There is no “Department of Cultural Affairs” under the U.S. State Department. However, the Bureau of Educational and Cultural Affairs, based in New York, performs a similar function. It promotes “mutual understanding” between the United States and other nations and has long sponsored cultural exchange programs advancing U.S. foreign policy interests, including the Fulbright Program and the International Visitor Leadership Program (IVLP), which marked its 70th anniversary in 2010.
As it happens, the bureau has deep roots in U.S. propaganda operations, tracing its origins to the Office of War Information during World War II. Its legacy also includes links to CIA-backed initiatives, such as the Congress for Cultural Freedom and the U.S. Information Agency, which oversaw Radio Free Europe and Radio Liberty.

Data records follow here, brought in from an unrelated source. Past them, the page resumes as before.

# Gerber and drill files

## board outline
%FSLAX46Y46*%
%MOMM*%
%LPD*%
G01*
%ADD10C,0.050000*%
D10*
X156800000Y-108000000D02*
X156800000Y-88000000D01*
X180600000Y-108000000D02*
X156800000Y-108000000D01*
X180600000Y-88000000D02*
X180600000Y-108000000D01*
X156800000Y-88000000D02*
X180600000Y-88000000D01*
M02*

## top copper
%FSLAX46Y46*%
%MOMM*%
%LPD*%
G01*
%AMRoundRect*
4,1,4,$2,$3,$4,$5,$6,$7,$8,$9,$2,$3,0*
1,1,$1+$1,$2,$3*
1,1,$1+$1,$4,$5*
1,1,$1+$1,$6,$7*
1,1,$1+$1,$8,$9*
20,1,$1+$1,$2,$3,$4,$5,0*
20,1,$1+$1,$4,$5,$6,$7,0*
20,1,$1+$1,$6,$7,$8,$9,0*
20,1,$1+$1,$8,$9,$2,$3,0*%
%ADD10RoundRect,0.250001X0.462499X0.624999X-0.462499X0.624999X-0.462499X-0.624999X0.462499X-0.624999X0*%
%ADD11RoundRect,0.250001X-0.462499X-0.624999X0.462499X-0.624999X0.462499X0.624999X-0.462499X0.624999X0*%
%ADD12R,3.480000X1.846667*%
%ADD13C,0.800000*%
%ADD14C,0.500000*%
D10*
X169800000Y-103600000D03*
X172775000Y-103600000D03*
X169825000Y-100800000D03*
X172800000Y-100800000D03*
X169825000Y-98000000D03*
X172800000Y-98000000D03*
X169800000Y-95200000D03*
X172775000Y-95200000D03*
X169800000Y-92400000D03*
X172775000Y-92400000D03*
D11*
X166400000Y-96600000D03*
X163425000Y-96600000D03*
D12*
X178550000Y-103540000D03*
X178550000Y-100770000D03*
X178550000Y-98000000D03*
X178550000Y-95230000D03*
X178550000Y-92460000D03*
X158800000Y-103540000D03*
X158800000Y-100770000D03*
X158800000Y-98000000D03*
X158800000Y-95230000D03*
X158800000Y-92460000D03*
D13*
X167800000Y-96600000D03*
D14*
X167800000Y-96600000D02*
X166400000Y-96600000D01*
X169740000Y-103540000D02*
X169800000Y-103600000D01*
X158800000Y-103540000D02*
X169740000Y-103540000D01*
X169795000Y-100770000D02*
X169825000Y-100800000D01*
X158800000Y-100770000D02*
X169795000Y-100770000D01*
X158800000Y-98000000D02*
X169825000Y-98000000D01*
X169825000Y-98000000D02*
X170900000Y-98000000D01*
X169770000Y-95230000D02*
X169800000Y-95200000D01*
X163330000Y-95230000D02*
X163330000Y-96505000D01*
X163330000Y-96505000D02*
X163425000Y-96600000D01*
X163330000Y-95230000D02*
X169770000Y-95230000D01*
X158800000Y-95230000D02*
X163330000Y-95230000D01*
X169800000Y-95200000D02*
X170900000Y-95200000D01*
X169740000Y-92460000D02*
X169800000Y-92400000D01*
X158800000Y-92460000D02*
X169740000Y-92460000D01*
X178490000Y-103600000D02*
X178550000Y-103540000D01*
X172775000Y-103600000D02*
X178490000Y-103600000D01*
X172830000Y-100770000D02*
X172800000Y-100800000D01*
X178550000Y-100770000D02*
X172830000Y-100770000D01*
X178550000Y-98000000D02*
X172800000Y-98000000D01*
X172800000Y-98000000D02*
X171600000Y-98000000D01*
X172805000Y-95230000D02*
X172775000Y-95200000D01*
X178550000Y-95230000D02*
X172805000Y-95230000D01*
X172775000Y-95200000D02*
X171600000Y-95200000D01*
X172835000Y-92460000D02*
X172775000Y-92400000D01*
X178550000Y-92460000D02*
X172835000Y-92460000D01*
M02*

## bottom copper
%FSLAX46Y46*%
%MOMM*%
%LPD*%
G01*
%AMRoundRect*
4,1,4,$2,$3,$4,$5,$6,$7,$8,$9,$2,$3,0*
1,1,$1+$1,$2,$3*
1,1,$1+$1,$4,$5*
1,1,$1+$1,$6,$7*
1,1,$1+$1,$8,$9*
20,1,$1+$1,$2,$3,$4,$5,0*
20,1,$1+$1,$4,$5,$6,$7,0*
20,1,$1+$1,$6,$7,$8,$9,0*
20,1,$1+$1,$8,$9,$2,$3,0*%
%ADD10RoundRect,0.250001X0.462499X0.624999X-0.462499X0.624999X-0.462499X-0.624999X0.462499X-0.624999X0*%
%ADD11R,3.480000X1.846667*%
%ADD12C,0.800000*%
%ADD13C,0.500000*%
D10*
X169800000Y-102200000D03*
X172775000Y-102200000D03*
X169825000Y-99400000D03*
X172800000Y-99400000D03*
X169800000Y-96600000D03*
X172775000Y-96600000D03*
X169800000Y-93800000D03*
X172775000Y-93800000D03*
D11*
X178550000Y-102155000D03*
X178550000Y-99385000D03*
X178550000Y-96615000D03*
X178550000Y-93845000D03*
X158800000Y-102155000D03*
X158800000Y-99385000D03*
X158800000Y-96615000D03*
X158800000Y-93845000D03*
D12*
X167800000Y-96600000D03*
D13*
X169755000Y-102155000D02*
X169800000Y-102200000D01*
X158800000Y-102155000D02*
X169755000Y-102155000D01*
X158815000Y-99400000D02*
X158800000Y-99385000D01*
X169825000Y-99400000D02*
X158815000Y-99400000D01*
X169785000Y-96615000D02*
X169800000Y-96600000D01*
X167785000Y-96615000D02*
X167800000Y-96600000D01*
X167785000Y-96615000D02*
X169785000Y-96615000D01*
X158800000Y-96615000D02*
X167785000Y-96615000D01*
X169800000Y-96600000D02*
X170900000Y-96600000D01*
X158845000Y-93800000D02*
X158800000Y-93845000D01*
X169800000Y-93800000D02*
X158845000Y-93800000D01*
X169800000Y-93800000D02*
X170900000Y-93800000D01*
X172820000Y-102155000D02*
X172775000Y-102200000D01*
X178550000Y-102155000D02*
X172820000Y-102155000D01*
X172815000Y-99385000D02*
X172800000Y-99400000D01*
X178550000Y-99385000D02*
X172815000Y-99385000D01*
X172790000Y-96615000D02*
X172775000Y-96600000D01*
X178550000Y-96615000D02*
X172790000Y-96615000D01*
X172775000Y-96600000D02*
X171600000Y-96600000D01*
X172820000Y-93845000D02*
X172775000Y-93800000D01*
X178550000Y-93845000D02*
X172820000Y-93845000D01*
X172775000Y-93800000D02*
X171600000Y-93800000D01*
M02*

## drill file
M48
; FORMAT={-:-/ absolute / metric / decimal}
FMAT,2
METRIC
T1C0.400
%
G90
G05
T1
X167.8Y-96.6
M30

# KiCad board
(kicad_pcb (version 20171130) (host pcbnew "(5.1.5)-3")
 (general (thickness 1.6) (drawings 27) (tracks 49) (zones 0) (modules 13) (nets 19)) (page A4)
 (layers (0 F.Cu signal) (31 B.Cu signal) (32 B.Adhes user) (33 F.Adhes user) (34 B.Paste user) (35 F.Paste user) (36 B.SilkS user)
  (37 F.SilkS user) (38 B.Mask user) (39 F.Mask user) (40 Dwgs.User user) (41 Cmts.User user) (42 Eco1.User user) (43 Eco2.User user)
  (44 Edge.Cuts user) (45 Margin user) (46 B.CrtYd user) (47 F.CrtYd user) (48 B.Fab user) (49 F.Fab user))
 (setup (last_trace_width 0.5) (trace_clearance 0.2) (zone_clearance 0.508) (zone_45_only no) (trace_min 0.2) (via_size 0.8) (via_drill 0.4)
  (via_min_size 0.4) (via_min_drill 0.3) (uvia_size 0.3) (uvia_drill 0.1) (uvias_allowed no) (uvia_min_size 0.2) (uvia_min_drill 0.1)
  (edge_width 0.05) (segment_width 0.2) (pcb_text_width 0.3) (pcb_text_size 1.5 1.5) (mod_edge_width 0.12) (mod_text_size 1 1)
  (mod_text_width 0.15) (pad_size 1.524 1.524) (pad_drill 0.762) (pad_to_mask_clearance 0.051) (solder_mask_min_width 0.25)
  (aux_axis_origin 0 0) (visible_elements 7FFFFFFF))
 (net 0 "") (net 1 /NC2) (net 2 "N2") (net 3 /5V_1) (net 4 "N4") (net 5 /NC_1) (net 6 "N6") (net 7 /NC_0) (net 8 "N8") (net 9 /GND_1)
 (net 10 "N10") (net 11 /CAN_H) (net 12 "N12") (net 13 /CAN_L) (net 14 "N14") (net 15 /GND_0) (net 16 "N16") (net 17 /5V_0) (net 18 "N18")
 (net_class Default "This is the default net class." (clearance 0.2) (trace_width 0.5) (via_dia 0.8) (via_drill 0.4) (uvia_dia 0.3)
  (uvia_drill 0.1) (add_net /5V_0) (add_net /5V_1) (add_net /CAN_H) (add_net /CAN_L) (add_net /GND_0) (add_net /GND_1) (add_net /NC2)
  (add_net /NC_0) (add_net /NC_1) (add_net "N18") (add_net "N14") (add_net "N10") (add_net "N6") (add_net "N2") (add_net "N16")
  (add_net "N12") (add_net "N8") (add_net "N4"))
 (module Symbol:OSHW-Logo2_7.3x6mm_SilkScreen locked (layer F.Cu) (at 165.9 102.9)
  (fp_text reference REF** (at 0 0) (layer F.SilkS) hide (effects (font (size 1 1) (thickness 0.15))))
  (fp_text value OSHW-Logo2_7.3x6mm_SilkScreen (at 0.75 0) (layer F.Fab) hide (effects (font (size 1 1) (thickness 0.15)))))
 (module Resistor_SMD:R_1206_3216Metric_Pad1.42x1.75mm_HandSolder (layer F.Cu) (at 171.2875 103.6 180)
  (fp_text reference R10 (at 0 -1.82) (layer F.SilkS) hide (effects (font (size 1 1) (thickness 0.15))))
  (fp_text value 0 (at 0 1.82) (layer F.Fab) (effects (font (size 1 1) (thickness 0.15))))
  (pad 2 smd roundrect (at 1.4875 0 180) (size 1.425 1.75) (layers F.Cu F.Paste F.Mask) (roundrect_rratio 0.175439) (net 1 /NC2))
  (pad 1 smd roundrect (at -1.4875 0 180) (size 1.425 1.75) (layers F.Cu F.Paste F.Mask) (roundrect_rratio 0.175439) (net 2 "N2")))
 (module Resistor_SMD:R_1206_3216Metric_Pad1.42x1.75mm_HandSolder (layer B.Cu) (at 171.2875 102.2 180)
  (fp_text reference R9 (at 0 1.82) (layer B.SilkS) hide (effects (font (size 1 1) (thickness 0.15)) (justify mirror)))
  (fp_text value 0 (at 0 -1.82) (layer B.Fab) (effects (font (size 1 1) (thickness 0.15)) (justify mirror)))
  (pad 2 smd roundrect (at 1.4875 0 180) (size 1.425 1.75) (layers B.Cu B.Paste B.Mask) (roundrect_rratio 0.175439) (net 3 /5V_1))
  (pad 1 smd roundrect (at -1.4875 0 180) (size 1.425 1.75) (layers B.Cu B.Paste B.Mask) (roundrect_rratio 0.175439) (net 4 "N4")))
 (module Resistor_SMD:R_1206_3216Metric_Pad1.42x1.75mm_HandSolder (layer F.Cu) (at 171.3125 100.8 180)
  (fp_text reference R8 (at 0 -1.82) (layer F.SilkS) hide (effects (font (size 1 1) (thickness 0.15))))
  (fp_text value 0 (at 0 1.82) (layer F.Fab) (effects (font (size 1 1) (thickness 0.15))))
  (pad 2 smd roundrect (at 1.4875 0 180) (size 1.425 1.75) (layers F.Cu F.Paste F.Mask) (roundrect_rratio 0.175439) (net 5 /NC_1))
  (pad 1 smd roundrect (at -1.4875 0 180) (size 1.425 1.75) (layers F.Cu F.Paste F.Mask) (roundrect_rratio 0.175439) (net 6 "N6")))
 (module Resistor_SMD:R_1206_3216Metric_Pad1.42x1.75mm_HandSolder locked (layer B.Cu) (at 171.3125 99.4 180)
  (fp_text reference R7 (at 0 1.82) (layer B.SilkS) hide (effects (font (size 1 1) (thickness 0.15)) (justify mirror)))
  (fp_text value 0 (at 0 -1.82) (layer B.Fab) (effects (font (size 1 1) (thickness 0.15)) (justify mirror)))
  (pad 2 smd roundrect (at 1.4875 0 180) (size 1.425 1.75) (layers B.Cu B.Paste B.Mask) (roundrect_rratio 0.175439) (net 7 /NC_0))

According to the Foreign Service Journal, a publication offering an “insider perspective” for U.S. foreign service officials, the bureau sits within a tradition of CIA-sponsored covert action and soft power projection:
While Secretary of State George Marshall was telling Congress there would be no more government funding of exhibitions of modern art, the newly formed Central Intelligence Agency (CIA) had already embraced the idea. American avant-garde art demonstrated America’s creativity, cultural sophistication, and, especially, intellectual freedom, the CIA believed. And it would be hard for Soviet modernism, called socialist realism, to compete, given the rigidity of communist ideology. The CIA began covertly funding an initiative centered on a nongovernmental organization called the Congress for Cultural Freedom to promote the abstract expressionism of Jackson Pollock, Andy Warhol, Willem de Kooning, and others. The CIA operation grew, establishing offices in 35 countries and subsidizing international tours by American jazz artists, symphony orchestras, and more until its exposure in 1967.
Meanwhile, in 1953, the U.S. Information Agency (USIA) was created to “tell America’s story to the world.” By engaging with the world through international information, broadcasting, culture, and exchange programs, USIA made cultural diplomacy an essential element of American foreign policy. Until its 1999 absorption into the State Department, USIA’s “Arts America” program was instrumental in bringing unique American achievements in music, painting, literature, and architecture, as well as industrial arts, to the rest of the world.
And its successor, the Bureau of Educational and Cultural Affairs, has continued the tradition.”
Fiorin, in other words, worked within a U.S. propaganda outfit with documented links to the CIA. This may shed light on a curious line in the March 2016 biographical note, which claims she “has written extensively on Libya, its politics and the 2011 revolution.”
Yet a search for “Deborah Fiorin” and “Libya” yields only that biography—no articles, essays or publications. Where did she “write” extensively on Libya? Was this work conducted during her tenure with a CIA-linked organization, possibly under a nondisclosure agreement? Or does it refer to student essays that were never published? Either way, the claim appears questionable and raises further concerns about how she was vetted by the PSC.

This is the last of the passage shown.